Not sure I see the parallels between assembly and I don't understand why you
think this feature is negative, can you elaborate?

> * Mutable strings

I love these! No need for messing around with `StringBuilder` and the like.

> * Mutable everything

That's simply false. You can choose between mutability and immutability, in
fact you can even have an immutable `string` if you really want one: `let x =
"asd"`.

Now let me discuss some of your other points:

> * Hate speech against functional concepts in the community (with all the
> related biases that this brings)

Communities are large. A lot of us love functional programming and are
bringing more and more of it into Nim.

> * Some arrogant community members were tolerated just because they wrote
> popular blog posts on Nim implementing a fashionable pet project.

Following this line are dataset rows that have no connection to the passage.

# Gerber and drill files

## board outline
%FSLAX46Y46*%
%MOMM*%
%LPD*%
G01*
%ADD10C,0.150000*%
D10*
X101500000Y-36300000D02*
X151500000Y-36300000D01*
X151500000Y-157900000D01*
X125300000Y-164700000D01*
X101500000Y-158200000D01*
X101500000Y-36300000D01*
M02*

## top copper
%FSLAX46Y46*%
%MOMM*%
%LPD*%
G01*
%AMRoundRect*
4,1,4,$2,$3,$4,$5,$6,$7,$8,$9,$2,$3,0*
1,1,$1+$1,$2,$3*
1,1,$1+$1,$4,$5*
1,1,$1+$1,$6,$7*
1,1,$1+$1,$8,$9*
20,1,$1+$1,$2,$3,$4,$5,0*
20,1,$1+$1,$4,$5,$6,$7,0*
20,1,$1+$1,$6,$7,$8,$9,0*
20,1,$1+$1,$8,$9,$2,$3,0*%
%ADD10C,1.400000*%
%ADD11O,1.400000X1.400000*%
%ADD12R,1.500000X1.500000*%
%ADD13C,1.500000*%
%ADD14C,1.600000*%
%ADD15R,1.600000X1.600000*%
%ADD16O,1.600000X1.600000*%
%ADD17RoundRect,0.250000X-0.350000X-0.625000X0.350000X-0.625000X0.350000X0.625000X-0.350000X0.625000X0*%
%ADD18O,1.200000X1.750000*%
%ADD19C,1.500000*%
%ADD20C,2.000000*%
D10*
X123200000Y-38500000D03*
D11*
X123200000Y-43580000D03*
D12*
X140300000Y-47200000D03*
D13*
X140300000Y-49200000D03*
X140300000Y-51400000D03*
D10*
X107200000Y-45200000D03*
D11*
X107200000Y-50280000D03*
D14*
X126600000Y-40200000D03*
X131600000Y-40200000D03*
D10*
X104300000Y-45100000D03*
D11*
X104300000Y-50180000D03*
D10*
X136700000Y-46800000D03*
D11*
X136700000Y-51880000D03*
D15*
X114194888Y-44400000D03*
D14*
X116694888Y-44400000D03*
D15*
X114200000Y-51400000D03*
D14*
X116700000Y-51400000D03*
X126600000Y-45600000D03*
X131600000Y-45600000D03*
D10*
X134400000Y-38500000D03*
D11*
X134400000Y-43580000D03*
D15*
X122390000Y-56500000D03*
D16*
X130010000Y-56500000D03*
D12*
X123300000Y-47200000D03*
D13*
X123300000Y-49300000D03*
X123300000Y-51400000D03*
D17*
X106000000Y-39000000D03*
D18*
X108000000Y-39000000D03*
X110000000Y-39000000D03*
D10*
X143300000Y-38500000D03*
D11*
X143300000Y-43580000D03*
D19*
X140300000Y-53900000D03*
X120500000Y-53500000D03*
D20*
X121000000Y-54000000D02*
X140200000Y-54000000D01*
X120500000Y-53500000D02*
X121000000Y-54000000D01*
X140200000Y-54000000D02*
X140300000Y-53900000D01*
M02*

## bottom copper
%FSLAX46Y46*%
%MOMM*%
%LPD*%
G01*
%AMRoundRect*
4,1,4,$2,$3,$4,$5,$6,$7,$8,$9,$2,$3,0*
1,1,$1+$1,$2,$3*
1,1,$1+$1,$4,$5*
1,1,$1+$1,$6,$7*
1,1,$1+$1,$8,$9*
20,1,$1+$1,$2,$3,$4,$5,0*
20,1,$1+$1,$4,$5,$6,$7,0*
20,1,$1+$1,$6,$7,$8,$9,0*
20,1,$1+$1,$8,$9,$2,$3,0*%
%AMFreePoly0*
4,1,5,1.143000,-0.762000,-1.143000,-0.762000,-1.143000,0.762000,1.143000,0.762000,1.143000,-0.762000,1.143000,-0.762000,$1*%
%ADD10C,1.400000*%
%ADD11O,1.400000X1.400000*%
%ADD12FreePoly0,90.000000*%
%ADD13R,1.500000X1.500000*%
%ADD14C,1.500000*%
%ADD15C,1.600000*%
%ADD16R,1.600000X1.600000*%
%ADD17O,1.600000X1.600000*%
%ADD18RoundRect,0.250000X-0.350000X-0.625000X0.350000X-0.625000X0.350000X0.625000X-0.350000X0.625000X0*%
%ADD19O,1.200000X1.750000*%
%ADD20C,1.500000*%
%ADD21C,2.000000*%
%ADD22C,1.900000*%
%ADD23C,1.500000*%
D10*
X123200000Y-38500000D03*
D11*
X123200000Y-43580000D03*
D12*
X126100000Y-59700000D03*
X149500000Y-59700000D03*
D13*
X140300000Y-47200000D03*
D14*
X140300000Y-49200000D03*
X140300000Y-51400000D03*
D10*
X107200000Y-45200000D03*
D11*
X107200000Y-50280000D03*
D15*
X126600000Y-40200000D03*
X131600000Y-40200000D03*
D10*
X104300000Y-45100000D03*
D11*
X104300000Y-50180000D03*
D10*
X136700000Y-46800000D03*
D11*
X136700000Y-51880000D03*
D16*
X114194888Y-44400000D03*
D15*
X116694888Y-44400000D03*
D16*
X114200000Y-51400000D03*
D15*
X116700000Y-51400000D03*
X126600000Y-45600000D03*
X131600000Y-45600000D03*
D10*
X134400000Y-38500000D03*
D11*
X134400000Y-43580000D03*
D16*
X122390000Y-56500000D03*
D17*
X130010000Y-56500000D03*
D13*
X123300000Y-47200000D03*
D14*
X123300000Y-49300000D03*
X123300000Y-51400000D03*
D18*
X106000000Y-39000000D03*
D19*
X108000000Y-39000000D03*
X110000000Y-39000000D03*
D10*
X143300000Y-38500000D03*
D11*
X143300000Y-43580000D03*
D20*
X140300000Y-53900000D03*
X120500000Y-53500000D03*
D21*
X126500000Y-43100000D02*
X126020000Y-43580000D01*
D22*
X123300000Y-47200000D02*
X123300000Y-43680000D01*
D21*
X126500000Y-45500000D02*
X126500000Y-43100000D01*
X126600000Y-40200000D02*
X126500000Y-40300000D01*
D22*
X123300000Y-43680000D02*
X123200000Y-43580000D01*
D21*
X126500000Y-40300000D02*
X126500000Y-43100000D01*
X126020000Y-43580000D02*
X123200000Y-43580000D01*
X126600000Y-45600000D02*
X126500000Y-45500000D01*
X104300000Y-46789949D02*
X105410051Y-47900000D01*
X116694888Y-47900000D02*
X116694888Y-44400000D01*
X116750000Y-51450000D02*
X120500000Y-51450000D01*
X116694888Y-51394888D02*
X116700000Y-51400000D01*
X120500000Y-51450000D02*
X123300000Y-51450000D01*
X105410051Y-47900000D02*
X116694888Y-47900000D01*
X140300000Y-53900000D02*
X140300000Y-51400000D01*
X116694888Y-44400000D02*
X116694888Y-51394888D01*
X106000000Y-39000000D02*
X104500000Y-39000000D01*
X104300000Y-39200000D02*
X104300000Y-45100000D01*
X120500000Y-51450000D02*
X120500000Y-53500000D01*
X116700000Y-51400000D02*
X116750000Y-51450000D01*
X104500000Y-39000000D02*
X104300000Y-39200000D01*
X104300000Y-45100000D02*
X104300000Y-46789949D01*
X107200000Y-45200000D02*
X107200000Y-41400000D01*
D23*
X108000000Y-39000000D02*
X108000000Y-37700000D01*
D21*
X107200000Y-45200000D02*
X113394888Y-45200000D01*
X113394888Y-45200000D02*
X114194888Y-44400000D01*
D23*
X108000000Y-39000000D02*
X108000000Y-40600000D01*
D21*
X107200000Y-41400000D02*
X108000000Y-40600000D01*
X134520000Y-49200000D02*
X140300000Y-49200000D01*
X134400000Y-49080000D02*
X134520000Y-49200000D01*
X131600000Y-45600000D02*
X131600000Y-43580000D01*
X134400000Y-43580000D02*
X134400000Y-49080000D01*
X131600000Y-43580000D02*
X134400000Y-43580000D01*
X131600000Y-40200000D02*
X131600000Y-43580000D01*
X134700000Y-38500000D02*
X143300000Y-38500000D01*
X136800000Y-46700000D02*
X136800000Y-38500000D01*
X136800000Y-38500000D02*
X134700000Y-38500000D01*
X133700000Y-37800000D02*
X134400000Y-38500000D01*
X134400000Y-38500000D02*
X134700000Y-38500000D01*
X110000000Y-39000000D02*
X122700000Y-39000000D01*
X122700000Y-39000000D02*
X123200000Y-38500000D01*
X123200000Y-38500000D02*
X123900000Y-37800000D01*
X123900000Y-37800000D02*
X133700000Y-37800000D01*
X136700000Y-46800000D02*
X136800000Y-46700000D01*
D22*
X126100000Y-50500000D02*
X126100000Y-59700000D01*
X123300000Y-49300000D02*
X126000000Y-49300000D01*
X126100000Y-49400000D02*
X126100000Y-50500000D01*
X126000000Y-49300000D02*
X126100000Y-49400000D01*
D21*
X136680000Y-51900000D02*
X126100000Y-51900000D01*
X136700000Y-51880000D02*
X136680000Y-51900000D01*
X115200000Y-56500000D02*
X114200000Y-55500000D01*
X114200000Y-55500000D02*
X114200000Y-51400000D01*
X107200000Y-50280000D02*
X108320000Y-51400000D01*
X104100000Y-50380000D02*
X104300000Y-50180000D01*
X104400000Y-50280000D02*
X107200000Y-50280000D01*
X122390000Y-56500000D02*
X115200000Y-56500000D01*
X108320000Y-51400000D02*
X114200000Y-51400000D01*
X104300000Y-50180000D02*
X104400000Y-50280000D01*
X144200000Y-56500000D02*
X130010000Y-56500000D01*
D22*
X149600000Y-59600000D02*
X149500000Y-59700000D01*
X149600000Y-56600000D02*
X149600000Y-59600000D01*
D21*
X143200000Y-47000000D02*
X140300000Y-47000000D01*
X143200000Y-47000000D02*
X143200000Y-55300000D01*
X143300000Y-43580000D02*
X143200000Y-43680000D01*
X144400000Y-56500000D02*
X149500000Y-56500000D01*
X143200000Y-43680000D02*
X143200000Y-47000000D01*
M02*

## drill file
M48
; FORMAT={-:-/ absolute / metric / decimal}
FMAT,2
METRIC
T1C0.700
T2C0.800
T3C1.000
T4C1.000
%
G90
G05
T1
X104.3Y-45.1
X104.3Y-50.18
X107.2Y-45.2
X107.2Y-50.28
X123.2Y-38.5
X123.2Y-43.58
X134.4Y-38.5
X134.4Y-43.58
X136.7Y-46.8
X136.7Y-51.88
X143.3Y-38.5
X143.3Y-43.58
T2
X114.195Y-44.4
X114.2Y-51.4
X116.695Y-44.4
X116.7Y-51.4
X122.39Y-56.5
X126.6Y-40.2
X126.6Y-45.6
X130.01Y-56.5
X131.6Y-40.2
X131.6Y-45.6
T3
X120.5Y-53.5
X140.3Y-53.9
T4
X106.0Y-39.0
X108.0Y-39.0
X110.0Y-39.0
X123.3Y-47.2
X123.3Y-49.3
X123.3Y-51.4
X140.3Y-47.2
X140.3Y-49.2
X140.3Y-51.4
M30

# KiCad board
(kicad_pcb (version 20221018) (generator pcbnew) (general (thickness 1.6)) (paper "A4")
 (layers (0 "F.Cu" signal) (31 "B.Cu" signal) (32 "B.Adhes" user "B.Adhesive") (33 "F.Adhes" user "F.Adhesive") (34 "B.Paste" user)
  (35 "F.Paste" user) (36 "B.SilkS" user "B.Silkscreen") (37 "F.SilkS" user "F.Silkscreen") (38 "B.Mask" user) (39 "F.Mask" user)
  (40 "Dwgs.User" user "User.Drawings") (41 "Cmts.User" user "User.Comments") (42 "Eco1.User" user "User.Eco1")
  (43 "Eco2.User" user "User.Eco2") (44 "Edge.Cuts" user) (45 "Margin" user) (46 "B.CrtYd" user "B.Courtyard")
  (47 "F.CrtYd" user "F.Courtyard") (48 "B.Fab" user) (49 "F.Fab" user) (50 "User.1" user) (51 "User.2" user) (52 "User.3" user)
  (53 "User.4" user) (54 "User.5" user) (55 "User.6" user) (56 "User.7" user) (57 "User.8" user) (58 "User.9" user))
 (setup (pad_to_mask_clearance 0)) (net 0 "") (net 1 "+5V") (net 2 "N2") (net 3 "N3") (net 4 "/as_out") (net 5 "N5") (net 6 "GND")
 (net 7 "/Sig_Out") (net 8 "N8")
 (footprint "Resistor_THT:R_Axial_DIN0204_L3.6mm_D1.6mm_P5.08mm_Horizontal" (layer "F.Cu") (at 123.2 38.5 -90)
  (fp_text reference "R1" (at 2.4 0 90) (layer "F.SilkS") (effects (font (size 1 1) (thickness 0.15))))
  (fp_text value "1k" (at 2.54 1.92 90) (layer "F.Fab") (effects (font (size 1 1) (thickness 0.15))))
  (pad "1" thru_hole circle (at 0 0 270) (size 1.4 1.4) (drill 0.7) (layers "*.Cu" "*.Mask") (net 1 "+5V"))
  (pad "2" thru_hole oval (at 5.08 0 270) (size 1.4 1.4) (drill 0.7) (layers "*.Cu" "*.Mask") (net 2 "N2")))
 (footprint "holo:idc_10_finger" (layer "F.Cu") (at 114.3 68.5)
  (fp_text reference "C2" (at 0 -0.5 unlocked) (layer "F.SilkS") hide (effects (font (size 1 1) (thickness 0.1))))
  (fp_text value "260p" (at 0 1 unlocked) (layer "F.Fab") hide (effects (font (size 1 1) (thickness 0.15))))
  (pad "1" smd custom (at 11.8 -8.8 90) (size 2.286 1.524) (layers "B.Cu" "F.Paste" "F.Mask") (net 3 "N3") (thermal_bridge_angle 45)
   (options (clearance outline) (anchor rect)) (primitives))
  (pad "2" smd custom (at 35.2 -8.8 90) (size 2.286 1.524) (layers "B.Cu" "F.Paste" "F.Mask") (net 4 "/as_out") (thermal_bridge_angle 45)
   (options (clearance outline) (anchor rect)) (primitives)))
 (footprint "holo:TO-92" (layer "F.Cu") (at 140.3 48 -90)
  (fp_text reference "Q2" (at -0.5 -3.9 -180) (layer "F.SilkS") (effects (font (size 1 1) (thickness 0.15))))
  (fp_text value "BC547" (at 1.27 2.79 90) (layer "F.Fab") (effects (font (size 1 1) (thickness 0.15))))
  (pad "1" thru_hole rect (at -0.8 0 270) (size 1.5 1.5) (drill 1) (layers "*.Cu" "*.Mask") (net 4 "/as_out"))
  (pad "2" thru_hole circle (at 1.2 0 270) (size 1.5 1.5) (drill 1) (layers "*.Cu" "*.Mask") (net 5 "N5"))
  (pad "3" thru_hole circle (at 3.4 0 270) (size 1.5 1.5) (drill 1) (layers "*.Cu" "*.Mask") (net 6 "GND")))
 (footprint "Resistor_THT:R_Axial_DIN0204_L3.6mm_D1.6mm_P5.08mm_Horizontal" (layer "F.Cu") (at 107.2 45.2 -90)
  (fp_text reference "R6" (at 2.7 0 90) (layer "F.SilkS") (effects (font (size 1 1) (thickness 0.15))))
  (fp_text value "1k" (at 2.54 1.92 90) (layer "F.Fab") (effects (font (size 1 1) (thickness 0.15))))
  (pad "1" thru_hole circle (at 0 0 270) (size 1.4 1.4) (drill 0.7) (layers "*.Cu" "*.Mask") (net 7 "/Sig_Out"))
  (pad "2" thru_hole oval (at 5.08 0 270) (size 1.4 1.4) (drill 0.7) (layers "*.Cu" "*.Mask") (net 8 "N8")))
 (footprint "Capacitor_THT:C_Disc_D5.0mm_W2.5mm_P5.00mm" (layer "F.Cu") (at 126.6 40.2)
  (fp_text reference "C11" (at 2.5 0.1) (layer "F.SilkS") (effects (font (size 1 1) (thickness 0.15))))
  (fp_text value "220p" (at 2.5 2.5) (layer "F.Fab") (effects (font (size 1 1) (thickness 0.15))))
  (pad "1" thru_hole circle (at 0 0) (size 1.6 1.6) (drill 0.8) (layers "*.Cu" "*.Mask") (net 2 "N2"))
  (pad "2" thru_hole circle (at 5 0) (size 1.6 1.6) (drill 0.8) (layers "*.Cu" "*.Mask") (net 5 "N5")))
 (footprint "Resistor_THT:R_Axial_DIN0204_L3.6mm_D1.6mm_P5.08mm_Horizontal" (layer "F.Cu") (at 104.3 45.1 -90)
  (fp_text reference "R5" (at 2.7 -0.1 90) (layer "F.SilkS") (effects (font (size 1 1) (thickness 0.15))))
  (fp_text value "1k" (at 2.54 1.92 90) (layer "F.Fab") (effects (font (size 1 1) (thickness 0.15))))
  (pad "1" thru_hole circle (at 0 0 270) (size 1.4 1.4) (drill 0.7) (layers "*.Cu" "*.Mask") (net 6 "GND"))
  (pad "2" thru_hole oval (at 5.08 0 270) (size 1.4 1.4) (drill 0.7) (layers "*.Cu" "*.Mask") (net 8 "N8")))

Can you elaborate on who this was and how/where they were tolerated?

> * no clear consistent design direction

> * too many pragmas

> * too many pascal syntax mixed with other language syntaxes

These are mostly subjective so there isn't much I can say. Perhaps Nim just
isn't for you due to its syntax, but many out there love it.

> * no module namespacing

> * modules worked not much better than C libraries... (I am generalizing)

This is false too. Every imported module is in its own namespace.

> * python 3 (without any library or optimization) was faster than compiled
> nim to count words on a moderately large text.

Did you compile with -d:release? :)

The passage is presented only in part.